The nice man is not confident of being worthy of love, and so tries to control through niceness. "She has to accept me if I'm nice!". Me alone isn't enough. So I have to add "niceness" to the equation to make it equal. Desires dies, the woman feels his insecurity, and the respect is gone.

The controlling woman is not confident of being worthy of love, and so does the same things as the nice man or nags and exerts pressure to bring up her security level. After a while, the guy feels smothered and dashes for the door.

I posit (for the sake of argument and discussion) that confident vulnerability is the one key to relationship for both men and women. 

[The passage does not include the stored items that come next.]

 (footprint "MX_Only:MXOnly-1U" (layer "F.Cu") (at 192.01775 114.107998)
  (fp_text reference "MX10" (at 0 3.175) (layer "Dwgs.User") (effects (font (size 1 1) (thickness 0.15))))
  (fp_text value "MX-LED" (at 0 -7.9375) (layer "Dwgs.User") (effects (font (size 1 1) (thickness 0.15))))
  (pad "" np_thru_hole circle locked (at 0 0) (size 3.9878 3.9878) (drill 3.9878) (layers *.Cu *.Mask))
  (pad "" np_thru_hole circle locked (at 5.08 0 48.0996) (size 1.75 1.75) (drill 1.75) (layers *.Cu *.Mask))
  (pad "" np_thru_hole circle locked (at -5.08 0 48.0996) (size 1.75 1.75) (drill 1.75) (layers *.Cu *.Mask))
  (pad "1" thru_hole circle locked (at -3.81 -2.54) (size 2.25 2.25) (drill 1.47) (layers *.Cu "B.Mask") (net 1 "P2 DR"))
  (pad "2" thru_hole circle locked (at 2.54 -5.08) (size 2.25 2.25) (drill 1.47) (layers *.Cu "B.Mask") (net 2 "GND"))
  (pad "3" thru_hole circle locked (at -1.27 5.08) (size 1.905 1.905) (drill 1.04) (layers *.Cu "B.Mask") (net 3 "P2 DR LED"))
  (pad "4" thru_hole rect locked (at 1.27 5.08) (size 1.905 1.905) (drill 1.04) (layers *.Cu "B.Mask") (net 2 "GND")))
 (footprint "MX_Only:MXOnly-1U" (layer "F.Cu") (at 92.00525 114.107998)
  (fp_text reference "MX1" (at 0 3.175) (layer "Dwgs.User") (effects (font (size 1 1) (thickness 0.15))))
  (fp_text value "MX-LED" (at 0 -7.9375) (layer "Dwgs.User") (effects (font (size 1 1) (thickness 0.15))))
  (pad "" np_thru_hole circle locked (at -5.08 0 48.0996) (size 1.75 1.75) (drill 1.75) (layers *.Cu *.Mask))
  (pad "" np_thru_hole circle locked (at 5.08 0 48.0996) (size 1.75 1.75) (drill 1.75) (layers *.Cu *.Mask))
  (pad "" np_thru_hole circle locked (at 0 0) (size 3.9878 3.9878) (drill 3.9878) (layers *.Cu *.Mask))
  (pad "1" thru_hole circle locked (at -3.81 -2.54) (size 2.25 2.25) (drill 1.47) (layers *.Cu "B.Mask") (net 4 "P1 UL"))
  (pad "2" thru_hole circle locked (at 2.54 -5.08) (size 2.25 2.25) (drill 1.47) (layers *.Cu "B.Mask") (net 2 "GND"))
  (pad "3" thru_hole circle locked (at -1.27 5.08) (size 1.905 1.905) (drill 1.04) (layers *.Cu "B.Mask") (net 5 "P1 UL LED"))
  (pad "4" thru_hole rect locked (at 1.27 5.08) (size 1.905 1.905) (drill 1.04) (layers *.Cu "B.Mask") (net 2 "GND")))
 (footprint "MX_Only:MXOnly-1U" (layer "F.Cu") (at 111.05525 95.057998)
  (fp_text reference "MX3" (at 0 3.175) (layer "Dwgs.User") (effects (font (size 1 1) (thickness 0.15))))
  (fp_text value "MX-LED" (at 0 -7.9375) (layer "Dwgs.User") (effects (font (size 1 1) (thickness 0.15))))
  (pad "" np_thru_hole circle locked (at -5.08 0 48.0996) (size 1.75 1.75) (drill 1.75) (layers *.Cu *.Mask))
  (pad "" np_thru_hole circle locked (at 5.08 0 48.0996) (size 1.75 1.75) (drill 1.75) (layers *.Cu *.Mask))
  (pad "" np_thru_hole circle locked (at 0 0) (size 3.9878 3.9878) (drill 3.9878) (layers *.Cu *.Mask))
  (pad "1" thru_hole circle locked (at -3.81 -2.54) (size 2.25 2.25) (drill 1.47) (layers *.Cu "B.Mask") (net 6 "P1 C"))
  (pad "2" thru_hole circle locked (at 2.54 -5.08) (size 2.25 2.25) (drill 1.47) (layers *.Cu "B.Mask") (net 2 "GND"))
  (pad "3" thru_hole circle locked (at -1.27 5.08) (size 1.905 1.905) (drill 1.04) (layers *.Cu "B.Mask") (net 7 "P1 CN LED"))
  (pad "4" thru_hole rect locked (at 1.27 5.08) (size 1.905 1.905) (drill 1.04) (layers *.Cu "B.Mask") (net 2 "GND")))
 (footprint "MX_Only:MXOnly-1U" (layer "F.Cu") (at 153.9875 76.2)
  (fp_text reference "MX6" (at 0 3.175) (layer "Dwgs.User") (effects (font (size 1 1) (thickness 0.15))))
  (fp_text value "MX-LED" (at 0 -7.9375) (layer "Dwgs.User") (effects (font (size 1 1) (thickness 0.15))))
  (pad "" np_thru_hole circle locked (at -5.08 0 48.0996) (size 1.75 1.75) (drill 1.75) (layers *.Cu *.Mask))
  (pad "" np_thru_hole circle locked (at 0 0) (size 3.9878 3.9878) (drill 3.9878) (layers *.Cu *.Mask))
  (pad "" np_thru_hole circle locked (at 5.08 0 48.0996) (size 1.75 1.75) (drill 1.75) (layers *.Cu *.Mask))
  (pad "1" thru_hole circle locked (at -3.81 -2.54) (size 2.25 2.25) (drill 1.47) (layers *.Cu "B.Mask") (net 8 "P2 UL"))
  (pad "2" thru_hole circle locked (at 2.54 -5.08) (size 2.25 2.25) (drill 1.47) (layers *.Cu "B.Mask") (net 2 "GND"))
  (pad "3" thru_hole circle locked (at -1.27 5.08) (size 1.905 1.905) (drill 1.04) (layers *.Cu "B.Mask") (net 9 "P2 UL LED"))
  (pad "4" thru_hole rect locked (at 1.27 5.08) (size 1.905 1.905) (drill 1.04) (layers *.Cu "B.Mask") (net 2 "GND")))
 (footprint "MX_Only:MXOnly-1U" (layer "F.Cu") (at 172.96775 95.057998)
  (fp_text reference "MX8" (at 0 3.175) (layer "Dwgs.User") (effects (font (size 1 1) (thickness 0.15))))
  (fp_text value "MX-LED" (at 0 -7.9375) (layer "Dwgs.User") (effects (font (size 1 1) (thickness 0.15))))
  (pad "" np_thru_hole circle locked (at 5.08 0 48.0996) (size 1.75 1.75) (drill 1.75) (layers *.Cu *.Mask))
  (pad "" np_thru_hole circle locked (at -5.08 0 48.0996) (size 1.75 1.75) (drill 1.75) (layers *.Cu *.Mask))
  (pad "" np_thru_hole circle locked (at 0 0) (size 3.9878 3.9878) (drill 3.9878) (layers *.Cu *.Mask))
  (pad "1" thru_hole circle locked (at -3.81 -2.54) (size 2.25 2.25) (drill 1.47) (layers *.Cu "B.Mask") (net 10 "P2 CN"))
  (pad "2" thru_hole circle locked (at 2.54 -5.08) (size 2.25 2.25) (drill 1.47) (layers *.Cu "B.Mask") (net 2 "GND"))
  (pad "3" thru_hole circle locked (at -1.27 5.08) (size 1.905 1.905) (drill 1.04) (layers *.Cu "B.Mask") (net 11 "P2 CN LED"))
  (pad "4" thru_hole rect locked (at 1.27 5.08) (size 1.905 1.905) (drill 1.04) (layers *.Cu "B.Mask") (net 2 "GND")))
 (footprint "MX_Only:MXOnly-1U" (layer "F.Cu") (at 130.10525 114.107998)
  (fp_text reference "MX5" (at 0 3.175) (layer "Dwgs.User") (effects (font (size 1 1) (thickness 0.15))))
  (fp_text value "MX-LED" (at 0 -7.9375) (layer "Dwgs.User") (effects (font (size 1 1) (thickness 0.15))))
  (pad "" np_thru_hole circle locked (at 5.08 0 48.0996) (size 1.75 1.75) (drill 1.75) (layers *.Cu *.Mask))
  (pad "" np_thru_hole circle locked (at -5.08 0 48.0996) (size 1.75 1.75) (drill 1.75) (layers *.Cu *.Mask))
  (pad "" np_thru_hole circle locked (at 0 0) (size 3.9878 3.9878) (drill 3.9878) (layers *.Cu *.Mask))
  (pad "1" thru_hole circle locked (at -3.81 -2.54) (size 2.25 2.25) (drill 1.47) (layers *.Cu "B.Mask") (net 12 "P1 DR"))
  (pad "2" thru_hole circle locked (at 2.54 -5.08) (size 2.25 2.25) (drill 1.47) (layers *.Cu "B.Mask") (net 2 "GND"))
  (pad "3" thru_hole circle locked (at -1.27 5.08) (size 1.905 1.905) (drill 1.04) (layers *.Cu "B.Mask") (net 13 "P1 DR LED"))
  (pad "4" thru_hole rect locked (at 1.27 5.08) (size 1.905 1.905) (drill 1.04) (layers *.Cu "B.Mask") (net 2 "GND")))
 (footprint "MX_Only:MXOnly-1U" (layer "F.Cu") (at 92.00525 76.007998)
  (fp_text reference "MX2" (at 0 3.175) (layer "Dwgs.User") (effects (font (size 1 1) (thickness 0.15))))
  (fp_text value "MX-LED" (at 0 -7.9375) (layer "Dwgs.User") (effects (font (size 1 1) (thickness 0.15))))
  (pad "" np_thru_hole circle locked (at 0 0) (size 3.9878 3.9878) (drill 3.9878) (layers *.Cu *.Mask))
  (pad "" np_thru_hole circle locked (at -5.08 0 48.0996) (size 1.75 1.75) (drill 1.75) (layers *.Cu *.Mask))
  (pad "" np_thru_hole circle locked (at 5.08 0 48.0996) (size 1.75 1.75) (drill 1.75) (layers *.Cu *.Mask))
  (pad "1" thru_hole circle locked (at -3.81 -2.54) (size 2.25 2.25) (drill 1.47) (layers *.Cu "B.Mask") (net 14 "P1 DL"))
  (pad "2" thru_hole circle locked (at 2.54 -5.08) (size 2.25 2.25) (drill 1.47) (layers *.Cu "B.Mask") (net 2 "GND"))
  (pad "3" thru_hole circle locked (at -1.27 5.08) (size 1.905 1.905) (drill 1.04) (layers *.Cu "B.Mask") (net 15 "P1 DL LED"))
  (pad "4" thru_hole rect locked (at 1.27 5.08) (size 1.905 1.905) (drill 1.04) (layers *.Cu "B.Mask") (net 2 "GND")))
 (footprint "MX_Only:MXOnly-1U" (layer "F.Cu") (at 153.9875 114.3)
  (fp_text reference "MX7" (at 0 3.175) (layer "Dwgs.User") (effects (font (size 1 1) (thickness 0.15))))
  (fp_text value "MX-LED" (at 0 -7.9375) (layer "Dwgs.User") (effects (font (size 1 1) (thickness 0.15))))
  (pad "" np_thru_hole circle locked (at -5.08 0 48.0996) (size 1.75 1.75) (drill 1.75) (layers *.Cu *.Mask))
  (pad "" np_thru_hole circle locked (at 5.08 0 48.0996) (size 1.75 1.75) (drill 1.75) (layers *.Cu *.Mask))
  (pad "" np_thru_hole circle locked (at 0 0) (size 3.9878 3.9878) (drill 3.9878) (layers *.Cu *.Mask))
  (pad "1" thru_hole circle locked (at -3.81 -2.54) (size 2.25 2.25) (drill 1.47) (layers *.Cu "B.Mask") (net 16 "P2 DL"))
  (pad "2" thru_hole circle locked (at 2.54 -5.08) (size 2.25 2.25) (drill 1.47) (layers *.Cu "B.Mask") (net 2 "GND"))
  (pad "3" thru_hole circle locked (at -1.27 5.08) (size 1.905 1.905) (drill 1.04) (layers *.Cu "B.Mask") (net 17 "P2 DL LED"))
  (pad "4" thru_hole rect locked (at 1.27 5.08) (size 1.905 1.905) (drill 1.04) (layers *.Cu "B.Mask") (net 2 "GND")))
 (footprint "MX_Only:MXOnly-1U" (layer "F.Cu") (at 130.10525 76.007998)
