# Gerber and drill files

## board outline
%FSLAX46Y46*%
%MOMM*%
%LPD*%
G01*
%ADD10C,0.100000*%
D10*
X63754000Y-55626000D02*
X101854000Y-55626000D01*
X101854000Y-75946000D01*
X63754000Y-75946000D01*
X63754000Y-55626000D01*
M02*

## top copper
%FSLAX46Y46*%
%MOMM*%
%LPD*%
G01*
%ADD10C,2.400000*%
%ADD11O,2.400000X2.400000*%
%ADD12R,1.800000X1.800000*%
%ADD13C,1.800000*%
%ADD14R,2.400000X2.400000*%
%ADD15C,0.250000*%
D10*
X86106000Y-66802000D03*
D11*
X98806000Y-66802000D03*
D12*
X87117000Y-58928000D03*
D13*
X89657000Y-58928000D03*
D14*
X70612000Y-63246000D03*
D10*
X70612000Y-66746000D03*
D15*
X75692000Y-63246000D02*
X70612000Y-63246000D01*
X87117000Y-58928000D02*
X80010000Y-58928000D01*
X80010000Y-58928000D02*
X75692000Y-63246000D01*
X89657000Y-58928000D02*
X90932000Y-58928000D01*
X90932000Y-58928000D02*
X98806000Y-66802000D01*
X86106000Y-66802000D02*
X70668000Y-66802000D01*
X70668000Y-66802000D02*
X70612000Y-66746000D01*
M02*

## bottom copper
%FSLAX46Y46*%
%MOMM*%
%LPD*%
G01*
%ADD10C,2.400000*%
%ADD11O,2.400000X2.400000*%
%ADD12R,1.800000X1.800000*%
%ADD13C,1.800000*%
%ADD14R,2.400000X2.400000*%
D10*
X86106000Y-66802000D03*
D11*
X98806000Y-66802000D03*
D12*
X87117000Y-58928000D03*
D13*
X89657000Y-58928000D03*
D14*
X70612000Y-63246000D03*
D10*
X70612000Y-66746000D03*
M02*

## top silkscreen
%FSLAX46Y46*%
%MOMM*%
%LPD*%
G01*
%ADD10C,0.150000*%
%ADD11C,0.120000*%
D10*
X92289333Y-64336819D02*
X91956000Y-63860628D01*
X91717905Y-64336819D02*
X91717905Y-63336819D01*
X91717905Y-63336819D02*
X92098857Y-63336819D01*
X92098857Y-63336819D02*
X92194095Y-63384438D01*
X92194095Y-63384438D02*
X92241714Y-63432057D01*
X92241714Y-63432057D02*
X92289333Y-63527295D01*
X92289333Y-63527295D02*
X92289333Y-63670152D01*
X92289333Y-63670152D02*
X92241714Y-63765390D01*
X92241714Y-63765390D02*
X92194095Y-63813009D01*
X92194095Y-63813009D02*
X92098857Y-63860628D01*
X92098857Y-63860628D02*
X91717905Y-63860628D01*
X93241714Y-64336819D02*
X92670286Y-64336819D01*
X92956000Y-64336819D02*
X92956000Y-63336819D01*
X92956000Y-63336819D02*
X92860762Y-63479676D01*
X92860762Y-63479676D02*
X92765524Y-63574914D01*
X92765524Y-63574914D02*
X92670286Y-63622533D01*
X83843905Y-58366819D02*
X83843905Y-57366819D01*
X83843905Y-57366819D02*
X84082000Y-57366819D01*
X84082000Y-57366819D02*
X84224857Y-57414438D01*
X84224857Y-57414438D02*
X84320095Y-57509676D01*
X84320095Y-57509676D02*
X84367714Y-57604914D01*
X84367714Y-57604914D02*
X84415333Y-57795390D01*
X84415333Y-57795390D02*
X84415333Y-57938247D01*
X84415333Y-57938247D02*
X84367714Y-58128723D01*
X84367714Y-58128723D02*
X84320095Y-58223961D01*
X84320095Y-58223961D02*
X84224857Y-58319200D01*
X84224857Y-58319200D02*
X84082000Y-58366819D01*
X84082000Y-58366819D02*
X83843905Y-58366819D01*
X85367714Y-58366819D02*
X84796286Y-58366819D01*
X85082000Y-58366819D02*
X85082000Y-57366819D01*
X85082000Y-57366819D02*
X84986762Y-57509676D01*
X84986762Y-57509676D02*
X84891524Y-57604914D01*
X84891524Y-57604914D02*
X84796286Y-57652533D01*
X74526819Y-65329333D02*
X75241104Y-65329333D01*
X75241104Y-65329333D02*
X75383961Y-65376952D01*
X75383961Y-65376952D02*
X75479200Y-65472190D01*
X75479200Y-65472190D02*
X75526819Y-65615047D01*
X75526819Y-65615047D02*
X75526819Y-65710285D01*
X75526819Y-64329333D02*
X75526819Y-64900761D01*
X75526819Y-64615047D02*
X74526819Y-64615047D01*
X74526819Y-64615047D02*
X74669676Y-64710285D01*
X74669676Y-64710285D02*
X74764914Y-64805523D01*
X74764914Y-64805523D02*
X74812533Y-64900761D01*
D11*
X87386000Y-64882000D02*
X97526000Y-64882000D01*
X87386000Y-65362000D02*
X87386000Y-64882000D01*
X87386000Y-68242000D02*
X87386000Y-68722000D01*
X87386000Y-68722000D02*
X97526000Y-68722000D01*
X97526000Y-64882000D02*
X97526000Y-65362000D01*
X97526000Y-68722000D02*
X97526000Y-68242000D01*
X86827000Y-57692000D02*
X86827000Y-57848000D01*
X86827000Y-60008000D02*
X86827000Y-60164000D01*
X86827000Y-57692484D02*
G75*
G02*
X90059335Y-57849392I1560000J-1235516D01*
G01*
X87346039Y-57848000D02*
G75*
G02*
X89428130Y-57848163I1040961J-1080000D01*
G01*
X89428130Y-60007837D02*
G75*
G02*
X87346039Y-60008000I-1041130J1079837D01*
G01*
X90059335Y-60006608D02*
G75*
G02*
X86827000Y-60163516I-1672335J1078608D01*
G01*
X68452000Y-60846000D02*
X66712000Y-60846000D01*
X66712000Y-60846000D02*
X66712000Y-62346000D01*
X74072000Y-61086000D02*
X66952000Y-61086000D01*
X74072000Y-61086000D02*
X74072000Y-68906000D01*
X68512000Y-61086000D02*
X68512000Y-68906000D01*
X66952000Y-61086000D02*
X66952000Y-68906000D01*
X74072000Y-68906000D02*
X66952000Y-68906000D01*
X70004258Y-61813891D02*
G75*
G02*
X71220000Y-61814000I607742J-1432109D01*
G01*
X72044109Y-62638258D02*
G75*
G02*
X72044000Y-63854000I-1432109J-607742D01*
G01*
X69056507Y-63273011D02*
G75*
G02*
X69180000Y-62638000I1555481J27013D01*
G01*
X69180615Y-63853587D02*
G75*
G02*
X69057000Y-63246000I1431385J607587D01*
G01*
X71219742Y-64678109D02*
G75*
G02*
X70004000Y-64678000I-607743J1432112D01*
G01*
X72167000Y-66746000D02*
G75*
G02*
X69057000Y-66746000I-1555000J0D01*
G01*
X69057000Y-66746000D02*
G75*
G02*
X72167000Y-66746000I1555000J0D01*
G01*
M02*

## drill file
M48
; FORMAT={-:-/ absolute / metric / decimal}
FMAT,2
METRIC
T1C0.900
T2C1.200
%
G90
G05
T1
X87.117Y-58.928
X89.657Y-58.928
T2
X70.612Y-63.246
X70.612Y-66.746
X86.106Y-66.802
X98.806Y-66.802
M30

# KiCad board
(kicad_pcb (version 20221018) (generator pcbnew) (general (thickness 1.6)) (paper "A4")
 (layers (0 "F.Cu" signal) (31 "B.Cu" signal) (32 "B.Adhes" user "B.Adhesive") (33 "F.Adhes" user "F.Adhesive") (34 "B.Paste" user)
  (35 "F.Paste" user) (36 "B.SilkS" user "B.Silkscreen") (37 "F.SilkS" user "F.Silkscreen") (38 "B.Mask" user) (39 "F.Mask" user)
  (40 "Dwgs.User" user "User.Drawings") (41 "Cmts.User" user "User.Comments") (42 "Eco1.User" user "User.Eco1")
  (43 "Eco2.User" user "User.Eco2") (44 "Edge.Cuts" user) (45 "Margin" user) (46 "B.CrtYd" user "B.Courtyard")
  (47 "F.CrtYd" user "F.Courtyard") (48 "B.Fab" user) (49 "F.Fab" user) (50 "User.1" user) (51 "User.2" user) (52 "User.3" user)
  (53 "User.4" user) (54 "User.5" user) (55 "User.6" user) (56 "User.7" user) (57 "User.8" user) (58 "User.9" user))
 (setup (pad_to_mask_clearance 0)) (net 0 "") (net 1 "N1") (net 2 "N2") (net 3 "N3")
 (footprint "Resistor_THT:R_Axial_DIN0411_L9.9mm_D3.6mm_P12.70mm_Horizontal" (layer "F.Cu") (at 86.106 66.802)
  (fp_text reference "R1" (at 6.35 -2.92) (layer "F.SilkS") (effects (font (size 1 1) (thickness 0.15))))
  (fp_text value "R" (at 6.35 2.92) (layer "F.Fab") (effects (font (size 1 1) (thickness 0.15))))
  (fp_line (start 1.28 -1.92) (end 11.42 -1.92) (stroke (width 0.12) (type solid)) (layer "F.SilkS"))
  (fp_line (start 1.28 -1.44) (end 1.28 -1.92) (stroke (width 0.12) (type solid)) (layer "F.SilkS"))
  (fp_line (start 1.28 1.44) (end 1.28 1.92) (stroke (width 0.12) (type solid)) (layer "F.SilkS"))
  (fp_line (start 1.28 1.92) (end 11.42 1.92) (stroke (width 0.12) (type solid)) (layer "F.SilkS"))
  (fp_line (start 11.42 -1.92) (end 11.42 -1.44) (stroke (width 0.12) (type solid)) (layer "F.SilkS"))
  (fp_line (start 11.42 1.92) (end 11.42 1.44) (stroke (width 0.12) (type solid)) (layer "F.SilkS"))
  (pad "1" thru_hole circle (at 0 0) (size 2.4 2.4) (drill 1.2) (layers "*.Cu" "*.Mask") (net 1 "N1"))
  (pad "2" thru_hole oval (at 12.7 0) (size 2.4 2.4) (drill 1.2) (layers "*.Cu" "*.Mask") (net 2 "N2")))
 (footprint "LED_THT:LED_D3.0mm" (layer "F.Cu") (at 87.117 58.928)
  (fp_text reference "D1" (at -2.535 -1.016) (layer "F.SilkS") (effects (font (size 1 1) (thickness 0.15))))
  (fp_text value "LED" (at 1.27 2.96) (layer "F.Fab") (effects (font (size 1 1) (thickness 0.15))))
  (fp_line (start -0.29 -1.236) (end -0.29 -1.08) (stroke (width 0.12) (type solid)) (layer "F.SilkS"))
  (fp_line (start -0.29 1.08) (end -0.29 1.236) (stroke (width 0.12) (type solid)) (layer "F.SilkS"))
  (fp_arc (start -0.29 -1.235516) (mid 1.366487 -1.987659) (end 2.942335 -1.078608) (stroke (width 0.12) (type solid)) (layer "F.SilkS"))
  (fp_arc (start 0.229039 -1.08) (mid 1.270117 -1.5) (end 2.31113 -1.079837) (stroke (width 0.12) (type solid)) (layer "F.SilkS"))
  (fp_arc (start 2.31113 1.079837) (mid 1.270117 1.5) (end 0.229039 1.08) (stroke (width 0.12) (type solid)) (layer "F.SilkS"))
  (fp_arc (start 2.942335 1.078608) (mid 1.366487 1.987659) (end -0.29 1.235516) (stroke (width 0.12) (type solid)) (layer "F.SilkS"))
  (pad "1" thru_hole rect (at 0 0) (size 1.8 1.8) (drill 0.9) (layers "*.Cu" "*.Mask") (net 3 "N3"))
  (pad "2" thru_hole circle (at 2.54 0) (size 1.8 1.8) (drill 0.9) (layers "*.Cu" "*.Mask") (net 2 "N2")))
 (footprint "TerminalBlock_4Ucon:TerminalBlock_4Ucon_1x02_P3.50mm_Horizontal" (layer "F.Cu") (at 70.612 63.246 -90)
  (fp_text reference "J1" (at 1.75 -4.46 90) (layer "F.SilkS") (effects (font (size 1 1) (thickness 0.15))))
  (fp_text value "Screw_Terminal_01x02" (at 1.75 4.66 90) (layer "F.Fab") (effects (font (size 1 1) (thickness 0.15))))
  (fp_line (start -2.4 2.16) (end -2.4 3.9) (stroke (width 0.12) (type solid)) (layer "F.SilkS"))
  (fp_line (start -2.4 3.9) (end -0.9 3.9) (stroke (width 0.12) (type solid)) (layer "F.SilkS"))
  (fp_line (start -2.16 -3.46) (end -2.16 3.66) (stroke (width 0.12) (type solid)) (layer "F.SilkS"))
  (fp_line (start -2.16 -3.46) (end 5.66 -3.46) (stroke (width 0.12) (type solid)) (layer "F.SilkS"))
  (fp_line (start -2.16 2.1) (end 5.66 2.1) (stroke (width 0.12) (type solid)) (layer "F.SilkS"))
  (fp_line (start -2.16 3.66) (end 5.66 3.66) (stroke (width 0.12) (type solid)) (layer "F.SilkS"))
  (fp_line (start 5.66 -3.46) (end 5.66 3.66) (stroke (width 0.12) (type solid)) (layer "F.SilkS"))
  (fp_arc (start -1.432109 0.607742) (mid -1.555727 -0.00014) (end -1.432 -0.608) (stroke (width 0.12) (type solid)) (layer "F.SilkS"))
  (fp_arc (start -0.607742 -1.432109) (mid 0.00014 -1.555727) (end 0.608 -1.432) (stroke (width 0.12) (type solid)) (layer "F.SilkS"))
  (fp_arc (start 0.027011 1.555493) (mid -0.296984 1.527118) (end -0.608 1.432) (stroke (width 0.12) (type solid)) (layer "F.SilkS"))
  (fp_arc (start 0.607587 1.431385) (mid 0.310017 1.523783) (end 0 1.555) (stroke (width 0.12) (type solid)) (layer "F.SilkS"))
  (fp_arc (start 1.432109 -0.607742) (mid 1.555727 0.00014) (end 1.432 0.608) (stroke (width 0.12) (type solid)) (layer "F.SilkS"))
  (fp_circle (center 3.5 0) (end 5.055 0) (stroke (width 0.12) (type solid)) (fill none) (layer "F.SilkS"))
  (pad "1" thru_hole rect (at 0 0 270) (size 2.4 2.4) (drill 1.2) (layers "*.Cu" "*.Mask") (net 3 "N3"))
  (pad "2" thru_hole circle (at 3.5 0 270) (size 2.4 2.4) (drill 1.2) (layers "*.Cu" "*.Mask") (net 1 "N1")))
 (gr_rect (start 63.754 55.626) (end 101.854 75.946) (stroke (width 0.1) (type default)) (fill none) (layer "Edge.Cuts"))
 (segment (start 75.692 63.246) (end 70.612 63.246) (width 0.25) (layer "F.Cu") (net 3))
 (segment (start 87.117 58.928) (end 80.01 58.928) (width 0.25) (layer "F.Cu") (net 3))
 (segment (start 80.01 58.928) (end 75.692 63.246) (width 0.25) (layer "F.Cu") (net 3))
 (segment (start 89.657 58.928) (end 90.932 58.928) (width 0.25) (layer "F.Cu") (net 2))
 (segment (start 90.932 58.928) (end 98.806 66.802) (width 0.25) (layer "F.Cu") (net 2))
 (segment (start 86.106 66.802) (end 70.668 66.802) (width 0.25) (layer "F.Cu") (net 1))
 (segment (start 70.668 66.802) (end 70.612 66.746) (width 0.25) (layer "F.Cu") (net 1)))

Men who are confidently vulnerable will be strong without being distant and secure leaders while remaining connected and sensitive. Women who are confidently vulnerable will be alluring without being needy and independent without being critical / shut down. 

Hurts / fears / childhood training either shows us we're worthy of love even in our imperfection and helps us to be confidently vulnerable or shows us that parts of us are so bad they aren't worthy of love (usually its some of both). In the places we don't feel worthy of love, we don't manifest confident vulnerability - instead we manifest control in all its forms (neediness, clinginess, detachment, rage, criticalness, fantasizing, the list is endless).

Trick with this is that there's no mental / emotional judo to force this. Trying to do the things that a confidently vulnerable person does without actually being confident is an easily seen through facade. Which is why the only way to make a struggling relationship work is for two people to work on being whole themselves first and foremost and to work on overcoming the blocks to being confidently vulnerable with each other.

Thoughts? Adjustments? Suggestions on how to actually become more confidently vulnerable? (obviously its a spectrum with nobody fully arrived). 

Freddy


----------



## Deejo (May 20, 2008)

Standard M.O. in virtually any and all failing relationships is blame. It is always easier to blame your partner for what they are, or aren't doing than it is to assess your own contribution and correct it.

You don't usually get the Zen perspective of "I can only change myself and not my partner ..." until after the un-Zen-like sh!t has hit the proverbial fan.

Your insight is correct. It's good. It's valid. Unfortunately it usually just arrives too late.

We have batted around this topic before, here: How About Them Apples


----------